Further echoing the Lewis Motion, Plaintiff seeks to exclude Dr. Carhart's opinion as to the efficacy of side-curtain airbags-specifically, that “[t]he relevant biomechanical, rollover, and curtain literature does not support an assertion that curtain airbag deployment would have eliminated Mr. Nelson's risk for injury during the subject crash.” [Doc. 216-4 at 20]. Plaintiff asserts that this opinion is largely based on outdated literature and inapplicable field studies. [Doc. 215 at 14-15]. Defendant responds that Dr. Carhart properly relied on studies with respect to crash severity reducing airbag effectiveness to inform his opinions about how the crash conditions involving the subject vehicle would have affected the airbags, had they deployed.
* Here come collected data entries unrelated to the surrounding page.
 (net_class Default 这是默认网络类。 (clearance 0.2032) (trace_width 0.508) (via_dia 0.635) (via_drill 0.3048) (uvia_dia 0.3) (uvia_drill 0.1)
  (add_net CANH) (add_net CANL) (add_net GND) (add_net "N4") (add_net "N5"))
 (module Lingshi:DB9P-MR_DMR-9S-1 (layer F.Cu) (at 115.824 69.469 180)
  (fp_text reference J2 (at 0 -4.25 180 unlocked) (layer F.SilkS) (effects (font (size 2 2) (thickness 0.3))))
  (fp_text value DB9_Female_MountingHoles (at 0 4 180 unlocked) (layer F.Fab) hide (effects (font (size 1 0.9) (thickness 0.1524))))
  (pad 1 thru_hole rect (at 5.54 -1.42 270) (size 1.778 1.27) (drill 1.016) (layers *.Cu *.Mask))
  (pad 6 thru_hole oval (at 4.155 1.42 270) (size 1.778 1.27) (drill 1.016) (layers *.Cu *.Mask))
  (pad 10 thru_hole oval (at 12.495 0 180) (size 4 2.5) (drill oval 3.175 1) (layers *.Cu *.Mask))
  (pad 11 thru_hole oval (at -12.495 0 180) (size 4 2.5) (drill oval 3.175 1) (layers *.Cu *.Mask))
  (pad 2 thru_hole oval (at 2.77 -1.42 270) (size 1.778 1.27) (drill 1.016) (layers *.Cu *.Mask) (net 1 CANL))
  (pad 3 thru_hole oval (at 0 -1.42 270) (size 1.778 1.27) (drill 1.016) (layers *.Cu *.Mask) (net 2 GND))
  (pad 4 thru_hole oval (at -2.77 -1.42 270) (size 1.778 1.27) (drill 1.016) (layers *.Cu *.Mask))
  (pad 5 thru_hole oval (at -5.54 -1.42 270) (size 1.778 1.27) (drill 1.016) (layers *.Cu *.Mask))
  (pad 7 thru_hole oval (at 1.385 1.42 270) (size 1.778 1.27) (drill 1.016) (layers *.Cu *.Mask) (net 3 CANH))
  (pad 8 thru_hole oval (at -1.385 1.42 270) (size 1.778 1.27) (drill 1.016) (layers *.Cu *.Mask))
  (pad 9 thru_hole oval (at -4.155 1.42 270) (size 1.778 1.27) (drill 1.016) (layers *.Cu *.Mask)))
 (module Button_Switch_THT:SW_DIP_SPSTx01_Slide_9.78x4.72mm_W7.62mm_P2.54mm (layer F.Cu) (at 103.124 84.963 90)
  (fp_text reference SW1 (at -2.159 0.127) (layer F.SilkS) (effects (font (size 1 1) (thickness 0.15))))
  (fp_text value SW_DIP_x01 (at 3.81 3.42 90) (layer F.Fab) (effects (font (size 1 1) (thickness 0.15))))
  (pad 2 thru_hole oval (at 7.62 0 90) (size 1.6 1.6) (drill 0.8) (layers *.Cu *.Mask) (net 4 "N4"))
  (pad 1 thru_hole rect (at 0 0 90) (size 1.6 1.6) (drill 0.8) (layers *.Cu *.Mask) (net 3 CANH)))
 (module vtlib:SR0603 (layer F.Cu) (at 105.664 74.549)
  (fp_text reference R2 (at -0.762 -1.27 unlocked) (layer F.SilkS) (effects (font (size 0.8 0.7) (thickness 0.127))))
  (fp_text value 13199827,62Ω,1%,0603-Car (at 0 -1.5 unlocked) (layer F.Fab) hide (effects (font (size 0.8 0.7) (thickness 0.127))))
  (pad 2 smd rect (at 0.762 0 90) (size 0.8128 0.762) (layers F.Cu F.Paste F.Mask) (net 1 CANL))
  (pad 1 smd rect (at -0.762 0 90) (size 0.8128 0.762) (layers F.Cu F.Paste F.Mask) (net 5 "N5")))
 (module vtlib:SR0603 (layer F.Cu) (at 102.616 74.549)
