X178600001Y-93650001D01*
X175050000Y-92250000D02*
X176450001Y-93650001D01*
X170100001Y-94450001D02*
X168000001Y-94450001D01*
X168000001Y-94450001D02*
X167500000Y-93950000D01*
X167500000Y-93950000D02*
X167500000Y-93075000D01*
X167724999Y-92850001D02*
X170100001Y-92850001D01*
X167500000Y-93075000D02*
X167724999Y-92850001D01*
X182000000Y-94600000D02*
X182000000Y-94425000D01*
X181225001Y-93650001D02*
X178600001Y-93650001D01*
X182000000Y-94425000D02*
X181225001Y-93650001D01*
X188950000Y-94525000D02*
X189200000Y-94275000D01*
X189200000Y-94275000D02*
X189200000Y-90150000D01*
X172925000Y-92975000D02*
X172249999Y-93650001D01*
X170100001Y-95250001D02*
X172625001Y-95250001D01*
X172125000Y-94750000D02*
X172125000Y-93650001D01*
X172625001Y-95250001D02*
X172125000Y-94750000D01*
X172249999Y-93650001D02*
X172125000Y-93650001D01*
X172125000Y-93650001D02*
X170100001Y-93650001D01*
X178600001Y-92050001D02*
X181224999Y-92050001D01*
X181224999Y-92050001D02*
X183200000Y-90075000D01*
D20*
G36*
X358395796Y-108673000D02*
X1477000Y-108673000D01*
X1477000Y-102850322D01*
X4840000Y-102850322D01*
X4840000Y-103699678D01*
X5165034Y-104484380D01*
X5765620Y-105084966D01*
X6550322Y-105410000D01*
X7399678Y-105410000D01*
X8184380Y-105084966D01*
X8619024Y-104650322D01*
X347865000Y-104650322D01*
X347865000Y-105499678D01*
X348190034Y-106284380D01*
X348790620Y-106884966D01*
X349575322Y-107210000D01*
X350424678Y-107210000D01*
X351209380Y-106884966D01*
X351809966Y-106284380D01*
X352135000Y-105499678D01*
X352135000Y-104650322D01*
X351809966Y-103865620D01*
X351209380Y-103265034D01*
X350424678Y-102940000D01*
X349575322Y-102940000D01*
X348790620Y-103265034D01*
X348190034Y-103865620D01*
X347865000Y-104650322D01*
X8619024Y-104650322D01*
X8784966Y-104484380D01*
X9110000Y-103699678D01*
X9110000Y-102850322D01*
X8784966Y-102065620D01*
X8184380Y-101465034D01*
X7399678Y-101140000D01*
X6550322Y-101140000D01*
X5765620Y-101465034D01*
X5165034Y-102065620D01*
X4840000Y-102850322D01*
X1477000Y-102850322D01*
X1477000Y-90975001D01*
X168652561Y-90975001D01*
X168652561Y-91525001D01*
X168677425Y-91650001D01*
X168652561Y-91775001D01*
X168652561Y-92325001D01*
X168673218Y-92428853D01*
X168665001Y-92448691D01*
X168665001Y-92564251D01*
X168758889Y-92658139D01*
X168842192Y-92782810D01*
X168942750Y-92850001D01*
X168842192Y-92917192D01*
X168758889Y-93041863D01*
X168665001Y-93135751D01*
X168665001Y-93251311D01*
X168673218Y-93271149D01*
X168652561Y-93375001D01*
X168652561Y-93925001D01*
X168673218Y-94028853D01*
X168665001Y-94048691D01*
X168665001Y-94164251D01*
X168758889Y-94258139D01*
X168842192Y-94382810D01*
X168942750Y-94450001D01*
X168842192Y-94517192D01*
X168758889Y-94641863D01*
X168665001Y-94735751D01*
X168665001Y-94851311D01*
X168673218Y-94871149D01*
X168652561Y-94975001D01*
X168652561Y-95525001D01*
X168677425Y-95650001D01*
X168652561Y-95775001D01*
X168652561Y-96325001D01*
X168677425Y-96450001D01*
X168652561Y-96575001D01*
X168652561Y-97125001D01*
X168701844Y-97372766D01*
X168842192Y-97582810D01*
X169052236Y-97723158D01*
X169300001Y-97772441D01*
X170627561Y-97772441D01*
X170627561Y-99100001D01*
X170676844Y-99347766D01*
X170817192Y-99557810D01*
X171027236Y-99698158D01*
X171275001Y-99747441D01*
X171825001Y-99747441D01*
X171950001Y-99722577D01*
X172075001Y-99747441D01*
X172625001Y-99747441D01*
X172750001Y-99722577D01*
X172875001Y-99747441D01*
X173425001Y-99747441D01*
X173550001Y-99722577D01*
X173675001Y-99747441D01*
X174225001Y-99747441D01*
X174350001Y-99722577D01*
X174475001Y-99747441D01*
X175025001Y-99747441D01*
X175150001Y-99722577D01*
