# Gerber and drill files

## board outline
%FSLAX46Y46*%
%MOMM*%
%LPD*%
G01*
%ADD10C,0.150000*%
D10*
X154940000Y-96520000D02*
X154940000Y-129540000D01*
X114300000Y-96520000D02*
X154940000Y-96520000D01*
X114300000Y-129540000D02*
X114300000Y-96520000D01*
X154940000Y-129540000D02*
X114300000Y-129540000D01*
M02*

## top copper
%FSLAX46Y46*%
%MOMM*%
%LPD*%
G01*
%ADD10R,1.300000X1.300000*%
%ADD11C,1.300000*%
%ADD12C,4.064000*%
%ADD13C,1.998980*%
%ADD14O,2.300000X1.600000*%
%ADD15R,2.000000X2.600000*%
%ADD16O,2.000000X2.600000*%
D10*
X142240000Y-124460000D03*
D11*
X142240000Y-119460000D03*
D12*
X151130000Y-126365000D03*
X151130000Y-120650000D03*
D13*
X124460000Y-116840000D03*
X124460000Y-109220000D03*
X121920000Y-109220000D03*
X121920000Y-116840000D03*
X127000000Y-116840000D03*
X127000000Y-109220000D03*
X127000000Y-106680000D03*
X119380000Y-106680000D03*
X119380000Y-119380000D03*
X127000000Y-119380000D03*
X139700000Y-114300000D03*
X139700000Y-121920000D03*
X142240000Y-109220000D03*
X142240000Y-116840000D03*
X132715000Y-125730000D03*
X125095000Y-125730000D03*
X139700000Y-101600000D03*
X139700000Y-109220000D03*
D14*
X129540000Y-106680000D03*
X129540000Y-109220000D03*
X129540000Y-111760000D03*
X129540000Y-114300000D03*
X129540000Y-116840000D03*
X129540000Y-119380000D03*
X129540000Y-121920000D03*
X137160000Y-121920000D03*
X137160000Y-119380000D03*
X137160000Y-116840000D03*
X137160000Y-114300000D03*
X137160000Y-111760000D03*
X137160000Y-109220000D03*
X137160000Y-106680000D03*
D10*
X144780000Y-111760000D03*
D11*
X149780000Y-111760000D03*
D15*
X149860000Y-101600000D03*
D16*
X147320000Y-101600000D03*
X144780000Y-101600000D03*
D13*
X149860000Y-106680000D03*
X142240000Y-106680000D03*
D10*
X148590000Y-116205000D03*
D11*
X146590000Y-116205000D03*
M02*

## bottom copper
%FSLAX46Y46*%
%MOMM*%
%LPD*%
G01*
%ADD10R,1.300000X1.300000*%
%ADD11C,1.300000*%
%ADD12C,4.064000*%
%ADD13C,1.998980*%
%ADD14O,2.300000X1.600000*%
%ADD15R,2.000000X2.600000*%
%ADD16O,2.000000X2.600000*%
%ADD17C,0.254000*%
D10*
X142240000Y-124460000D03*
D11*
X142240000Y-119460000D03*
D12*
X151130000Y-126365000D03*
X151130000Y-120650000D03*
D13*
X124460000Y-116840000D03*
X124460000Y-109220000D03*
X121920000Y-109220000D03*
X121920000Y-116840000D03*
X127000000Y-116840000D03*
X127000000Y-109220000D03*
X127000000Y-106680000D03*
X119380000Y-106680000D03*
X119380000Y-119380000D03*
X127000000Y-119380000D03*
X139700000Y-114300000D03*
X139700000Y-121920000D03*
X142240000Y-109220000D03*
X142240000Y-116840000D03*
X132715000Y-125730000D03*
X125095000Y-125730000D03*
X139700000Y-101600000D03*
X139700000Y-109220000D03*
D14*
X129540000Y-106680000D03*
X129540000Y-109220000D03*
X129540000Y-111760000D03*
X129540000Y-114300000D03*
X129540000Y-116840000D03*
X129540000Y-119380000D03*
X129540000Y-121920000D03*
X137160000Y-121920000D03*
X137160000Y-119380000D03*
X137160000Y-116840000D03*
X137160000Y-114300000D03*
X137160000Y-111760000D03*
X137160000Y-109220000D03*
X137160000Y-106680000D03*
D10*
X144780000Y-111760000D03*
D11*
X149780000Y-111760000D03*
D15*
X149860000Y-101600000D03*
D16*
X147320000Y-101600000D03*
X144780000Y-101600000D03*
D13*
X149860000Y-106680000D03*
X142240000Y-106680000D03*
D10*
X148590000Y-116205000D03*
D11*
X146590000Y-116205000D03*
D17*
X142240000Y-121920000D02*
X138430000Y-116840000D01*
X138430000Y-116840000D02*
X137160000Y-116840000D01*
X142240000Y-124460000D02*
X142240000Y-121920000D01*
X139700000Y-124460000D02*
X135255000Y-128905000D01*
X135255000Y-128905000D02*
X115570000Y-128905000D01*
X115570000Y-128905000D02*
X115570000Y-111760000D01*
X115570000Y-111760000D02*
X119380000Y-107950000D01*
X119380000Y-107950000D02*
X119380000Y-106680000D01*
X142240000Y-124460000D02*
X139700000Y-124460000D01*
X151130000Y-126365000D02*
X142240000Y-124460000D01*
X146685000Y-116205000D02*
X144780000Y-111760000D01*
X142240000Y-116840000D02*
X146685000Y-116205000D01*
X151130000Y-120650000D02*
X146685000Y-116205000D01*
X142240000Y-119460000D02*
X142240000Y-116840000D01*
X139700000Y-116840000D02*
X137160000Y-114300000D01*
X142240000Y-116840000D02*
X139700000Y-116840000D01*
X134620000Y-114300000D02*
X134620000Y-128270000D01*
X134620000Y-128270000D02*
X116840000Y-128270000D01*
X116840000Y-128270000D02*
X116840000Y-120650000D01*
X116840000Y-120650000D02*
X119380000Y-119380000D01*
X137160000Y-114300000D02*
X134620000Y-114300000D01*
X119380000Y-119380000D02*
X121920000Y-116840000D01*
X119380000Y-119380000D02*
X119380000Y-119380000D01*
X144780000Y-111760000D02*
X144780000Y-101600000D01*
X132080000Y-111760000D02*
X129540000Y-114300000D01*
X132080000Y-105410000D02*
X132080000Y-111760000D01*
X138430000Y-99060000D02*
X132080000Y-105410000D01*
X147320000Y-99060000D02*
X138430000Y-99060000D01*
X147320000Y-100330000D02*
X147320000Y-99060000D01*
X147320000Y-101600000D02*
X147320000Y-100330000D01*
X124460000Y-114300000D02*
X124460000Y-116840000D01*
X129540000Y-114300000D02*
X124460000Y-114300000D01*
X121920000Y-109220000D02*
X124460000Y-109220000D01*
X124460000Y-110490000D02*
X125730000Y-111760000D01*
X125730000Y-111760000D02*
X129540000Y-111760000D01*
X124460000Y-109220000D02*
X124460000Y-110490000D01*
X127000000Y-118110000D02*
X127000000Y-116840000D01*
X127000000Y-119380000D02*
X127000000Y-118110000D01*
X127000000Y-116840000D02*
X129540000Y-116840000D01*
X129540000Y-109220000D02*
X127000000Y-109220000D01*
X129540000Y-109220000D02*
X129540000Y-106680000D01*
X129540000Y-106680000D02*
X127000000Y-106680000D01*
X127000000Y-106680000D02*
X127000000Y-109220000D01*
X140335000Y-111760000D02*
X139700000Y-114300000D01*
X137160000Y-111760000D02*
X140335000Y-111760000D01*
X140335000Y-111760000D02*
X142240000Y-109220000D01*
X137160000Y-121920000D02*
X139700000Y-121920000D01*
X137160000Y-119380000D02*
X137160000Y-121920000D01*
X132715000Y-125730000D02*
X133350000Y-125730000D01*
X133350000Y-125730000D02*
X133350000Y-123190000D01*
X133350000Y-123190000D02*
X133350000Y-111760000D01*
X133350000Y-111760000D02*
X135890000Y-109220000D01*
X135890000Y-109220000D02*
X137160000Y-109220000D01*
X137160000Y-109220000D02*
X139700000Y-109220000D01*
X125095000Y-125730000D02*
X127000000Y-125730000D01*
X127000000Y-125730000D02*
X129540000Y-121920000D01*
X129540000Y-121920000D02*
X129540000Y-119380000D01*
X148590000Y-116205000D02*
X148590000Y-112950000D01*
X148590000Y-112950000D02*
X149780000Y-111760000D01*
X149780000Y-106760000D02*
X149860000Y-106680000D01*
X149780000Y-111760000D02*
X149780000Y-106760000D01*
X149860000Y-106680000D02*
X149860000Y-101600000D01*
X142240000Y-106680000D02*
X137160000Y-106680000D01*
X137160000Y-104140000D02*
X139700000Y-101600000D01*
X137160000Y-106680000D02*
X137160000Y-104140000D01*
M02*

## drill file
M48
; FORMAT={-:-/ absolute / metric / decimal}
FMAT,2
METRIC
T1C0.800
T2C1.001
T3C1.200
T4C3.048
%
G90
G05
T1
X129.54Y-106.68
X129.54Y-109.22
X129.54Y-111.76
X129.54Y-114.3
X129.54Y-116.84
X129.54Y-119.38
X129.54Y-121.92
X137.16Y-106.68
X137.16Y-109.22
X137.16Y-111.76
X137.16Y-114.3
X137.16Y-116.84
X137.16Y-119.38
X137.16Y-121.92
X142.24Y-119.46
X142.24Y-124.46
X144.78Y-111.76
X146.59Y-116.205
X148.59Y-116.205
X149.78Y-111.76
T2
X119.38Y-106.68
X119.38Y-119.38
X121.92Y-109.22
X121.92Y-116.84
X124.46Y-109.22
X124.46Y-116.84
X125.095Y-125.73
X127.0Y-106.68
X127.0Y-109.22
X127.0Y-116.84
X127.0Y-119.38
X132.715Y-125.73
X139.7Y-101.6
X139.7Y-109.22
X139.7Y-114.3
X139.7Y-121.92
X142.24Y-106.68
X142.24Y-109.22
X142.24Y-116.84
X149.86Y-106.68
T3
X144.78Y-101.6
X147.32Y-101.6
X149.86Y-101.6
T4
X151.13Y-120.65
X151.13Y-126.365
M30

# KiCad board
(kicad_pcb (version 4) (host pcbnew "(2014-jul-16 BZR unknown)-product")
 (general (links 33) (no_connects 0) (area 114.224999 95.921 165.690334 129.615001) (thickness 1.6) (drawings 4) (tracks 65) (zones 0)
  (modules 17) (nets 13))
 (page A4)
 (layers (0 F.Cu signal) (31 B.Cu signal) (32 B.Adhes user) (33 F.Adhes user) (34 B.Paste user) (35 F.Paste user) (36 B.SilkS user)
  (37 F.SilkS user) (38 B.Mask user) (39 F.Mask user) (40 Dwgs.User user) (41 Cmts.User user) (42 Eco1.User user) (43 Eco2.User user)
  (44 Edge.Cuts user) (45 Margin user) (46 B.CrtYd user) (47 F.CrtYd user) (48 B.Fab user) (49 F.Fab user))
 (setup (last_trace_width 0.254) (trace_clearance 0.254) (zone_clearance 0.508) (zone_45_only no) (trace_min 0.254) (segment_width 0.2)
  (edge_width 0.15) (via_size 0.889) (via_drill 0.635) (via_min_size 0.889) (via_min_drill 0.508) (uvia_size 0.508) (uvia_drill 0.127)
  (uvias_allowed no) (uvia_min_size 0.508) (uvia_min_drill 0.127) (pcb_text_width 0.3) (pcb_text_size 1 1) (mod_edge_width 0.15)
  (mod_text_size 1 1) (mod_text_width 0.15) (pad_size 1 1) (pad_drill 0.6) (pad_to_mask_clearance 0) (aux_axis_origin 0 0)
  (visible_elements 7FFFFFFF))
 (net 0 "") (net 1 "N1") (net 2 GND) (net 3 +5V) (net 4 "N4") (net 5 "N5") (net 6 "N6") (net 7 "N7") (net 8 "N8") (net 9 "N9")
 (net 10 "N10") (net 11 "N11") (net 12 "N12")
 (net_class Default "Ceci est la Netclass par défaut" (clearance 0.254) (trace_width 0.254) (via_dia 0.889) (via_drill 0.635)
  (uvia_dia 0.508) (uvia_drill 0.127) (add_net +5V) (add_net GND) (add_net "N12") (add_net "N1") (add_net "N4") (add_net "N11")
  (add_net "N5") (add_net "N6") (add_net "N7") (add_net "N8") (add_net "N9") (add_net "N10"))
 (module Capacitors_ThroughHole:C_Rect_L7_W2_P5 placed (layer F.Cu) (at 142.24 124.46 90)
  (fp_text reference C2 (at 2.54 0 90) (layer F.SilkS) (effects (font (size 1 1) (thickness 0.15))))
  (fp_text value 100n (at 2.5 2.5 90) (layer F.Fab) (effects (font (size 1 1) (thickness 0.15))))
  (pad 1 thru_hole rect (at 0 0 90) (size 1.3 1.3) (drill 0.8) (layers *.Cu *.Mask F.SilkS) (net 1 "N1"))
  (pad 2 thru_hole circle (at 5 0 90) (size 1.3 1.3) (drill 0.8) (layers *.Cu *.Mask F.SilkS) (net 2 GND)))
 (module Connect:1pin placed (layer F.Cu) (at 151.13 126.365)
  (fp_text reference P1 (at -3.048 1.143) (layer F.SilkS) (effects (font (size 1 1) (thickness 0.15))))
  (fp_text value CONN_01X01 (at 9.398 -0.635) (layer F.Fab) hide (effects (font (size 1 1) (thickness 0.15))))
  (pad 1 thru_hole circle (at 0 0) (size 4.064 4.064) (drill 3.048) (layers *.Cu *.Mask F.SilkS) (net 1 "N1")))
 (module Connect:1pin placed (layer F.Cu) (at 151.13 120.65)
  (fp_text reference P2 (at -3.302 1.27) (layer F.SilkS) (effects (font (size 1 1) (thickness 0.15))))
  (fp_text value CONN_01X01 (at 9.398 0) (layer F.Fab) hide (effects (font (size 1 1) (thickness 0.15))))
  (pad 1 thru_hole circle (at 0 0) (size 4.064 4.064) (drill 3.048) (layers *.Cu *.Mask F.SilkS) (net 2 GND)))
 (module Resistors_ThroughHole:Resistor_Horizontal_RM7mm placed (layer F.Cu) (at 124.46 116.84 90)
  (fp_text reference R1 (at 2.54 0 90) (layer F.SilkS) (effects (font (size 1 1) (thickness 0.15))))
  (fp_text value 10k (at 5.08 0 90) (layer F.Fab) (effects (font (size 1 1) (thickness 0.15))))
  (pad 1 thru_hole circle (at 0 0 90) (size 1.99898 1.99898) (drill 1.00076) (layers *.Cu *.SilkS *.Mask) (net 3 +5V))
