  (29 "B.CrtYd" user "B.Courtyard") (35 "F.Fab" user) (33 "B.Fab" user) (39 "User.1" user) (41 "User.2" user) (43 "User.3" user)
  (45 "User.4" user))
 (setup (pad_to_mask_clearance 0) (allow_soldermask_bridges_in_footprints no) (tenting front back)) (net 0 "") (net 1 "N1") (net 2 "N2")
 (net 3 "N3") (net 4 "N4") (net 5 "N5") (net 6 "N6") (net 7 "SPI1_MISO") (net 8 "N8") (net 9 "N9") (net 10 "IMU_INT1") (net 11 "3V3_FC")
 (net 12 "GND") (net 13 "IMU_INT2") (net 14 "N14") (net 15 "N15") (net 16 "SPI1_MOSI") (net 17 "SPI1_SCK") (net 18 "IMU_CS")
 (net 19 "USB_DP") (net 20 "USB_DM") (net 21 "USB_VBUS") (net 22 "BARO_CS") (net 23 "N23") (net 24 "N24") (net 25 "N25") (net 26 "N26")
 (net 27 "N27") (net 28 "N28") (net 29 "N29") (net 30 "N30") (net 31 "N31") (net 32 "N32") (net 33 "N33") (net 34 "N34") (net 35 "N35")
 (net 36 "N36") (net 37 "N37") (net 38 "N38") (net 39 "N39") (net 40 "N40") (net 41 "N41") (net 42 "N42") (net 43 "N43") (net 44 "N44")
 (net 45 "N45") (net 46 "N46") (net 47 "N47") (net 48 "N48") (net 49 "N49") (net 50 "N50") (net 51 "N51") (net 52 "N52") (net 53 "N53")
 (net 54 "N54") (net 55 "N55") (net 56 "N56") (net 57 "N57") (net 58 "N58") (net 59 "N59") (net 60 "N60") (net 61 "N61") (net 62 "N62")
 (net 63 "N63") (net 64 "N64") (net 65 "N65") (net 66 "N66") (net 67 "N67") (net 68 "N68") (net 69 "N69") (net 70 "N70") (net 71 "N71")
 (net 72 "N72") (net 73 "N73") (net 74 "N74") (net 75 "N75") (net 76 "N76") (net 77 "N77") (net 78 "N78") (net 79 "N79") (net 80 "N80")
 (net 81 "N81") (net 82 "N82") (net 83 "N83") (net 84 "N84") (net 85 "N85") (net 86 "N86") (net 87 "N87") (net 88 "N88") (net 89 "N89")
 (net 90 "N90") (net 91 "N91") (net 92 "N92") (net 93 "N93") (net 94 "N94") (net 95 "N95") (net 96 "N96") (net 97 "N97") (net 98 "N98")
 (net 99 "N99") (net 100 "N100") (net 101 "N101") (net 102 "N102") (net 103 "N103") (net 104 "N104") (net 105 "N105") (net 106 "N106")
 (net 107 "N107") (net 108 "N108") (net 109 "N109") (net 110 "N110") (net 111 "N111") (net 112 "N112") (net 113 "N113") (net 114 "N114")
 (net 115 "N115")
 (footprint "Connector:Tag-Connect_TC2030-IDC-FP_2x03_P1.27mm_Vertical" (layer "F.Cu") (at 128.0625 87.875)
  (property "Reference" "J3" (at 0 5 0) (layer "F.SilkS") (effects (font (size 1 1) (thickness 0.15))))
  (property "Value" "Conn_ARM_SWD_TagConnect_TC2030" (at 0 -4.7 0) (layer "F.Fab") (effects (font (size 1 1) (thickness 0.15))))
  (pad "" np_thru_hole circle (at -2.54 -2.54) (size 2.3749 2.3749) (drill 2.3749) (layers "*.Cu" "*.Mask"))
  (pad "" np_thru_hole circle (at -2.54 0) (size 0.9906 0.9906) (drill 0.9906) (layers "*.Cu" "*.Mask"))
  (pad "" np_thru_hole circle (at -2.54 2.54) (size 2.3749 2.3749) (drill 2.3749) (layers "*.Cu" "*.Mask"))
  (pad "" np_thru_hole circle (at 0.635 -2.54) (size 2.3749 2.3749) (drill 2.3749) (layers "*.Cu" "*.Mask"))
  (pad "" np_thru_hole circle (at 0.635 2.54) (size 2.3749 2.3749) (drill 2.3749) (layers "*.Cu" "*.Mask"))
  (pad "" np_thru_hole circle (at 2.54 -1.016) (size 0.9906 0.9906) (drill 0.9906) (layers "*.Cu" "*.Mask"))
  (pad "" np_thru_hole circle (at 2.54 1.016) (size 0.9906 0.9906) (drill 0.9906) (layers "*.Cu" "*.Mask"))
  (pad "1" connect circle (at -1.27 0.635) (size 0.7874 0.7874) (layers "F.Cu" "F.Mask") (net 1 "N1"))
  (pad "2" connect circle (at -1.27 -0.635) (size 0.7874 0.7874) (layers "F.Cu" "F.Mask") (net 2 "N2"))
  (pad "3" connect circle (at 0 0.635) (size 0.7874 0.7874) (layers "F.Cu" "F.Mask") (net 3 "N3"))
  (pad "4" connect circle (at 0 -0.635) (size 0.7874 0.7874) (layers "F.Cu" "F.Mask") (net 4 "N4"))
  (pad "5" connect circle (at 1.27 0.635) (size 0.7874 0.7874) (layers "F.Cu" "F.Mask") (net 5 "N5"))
See [Doc. 216 at 10-13]. Upon review, Dr. Carhart's report indeed sets out the literature and certain case studies to support his opinions on this topic. See, e.g., [Doc. 215-1 at 16-18]. And while these sources may have shortcomings that undermine the value of the resulting opinion in the context of this case, any such shortcomings go to weight and not admissibility. The Court thus concludes that, just as Plaintiff's expert may reliably opine that airbags would have reduced the injury at issue, Defendant's expert may reliably opine as to the opposite. It is up to the Parties to flesh out the strengths and weaknesses of these competing expert opinions through examination of the relevant witnesses; and, ultimately, it is up to the jury to decide whom to believe. See Lexington Ins. Co., 2017 WL 11685176, at *3. The Carhart Motion is respectfully DENIED.
CONCLUSION
Accordingly, IT IS ORDERED that:
(1) Toyota Motor Corporation's Motion to Exclude Plaintiff's Life Care Planner Expert Helen Woodard Under Fed.R.Evid. 702-703 [Doc. 212] is DENIED;
(2) Toyota Motor Corporation's Motion to Exclude Plaintiff's Biomechanics Expert Paul Lewis Under Fed.R.Evid. 702-703 [Doc. 213] is DENIED;
(3) Toyota Motor Corporation's Motion to Exclude Plaintiff's Vehicle Electro-Mechanical Systems[] Expert Peter J. Sullivan Under Fed.R.Evid. 702 [Doc. 214] is GRANTED in part and DENIED in part as moot; and
(4) Plaintiff's Motion to Exclude Opinions of Defendant's Biomechanical Expert, Dr. Michael Carhart[,] Pursuant to F.R.E. 702 [Doc. 215] is DENIED.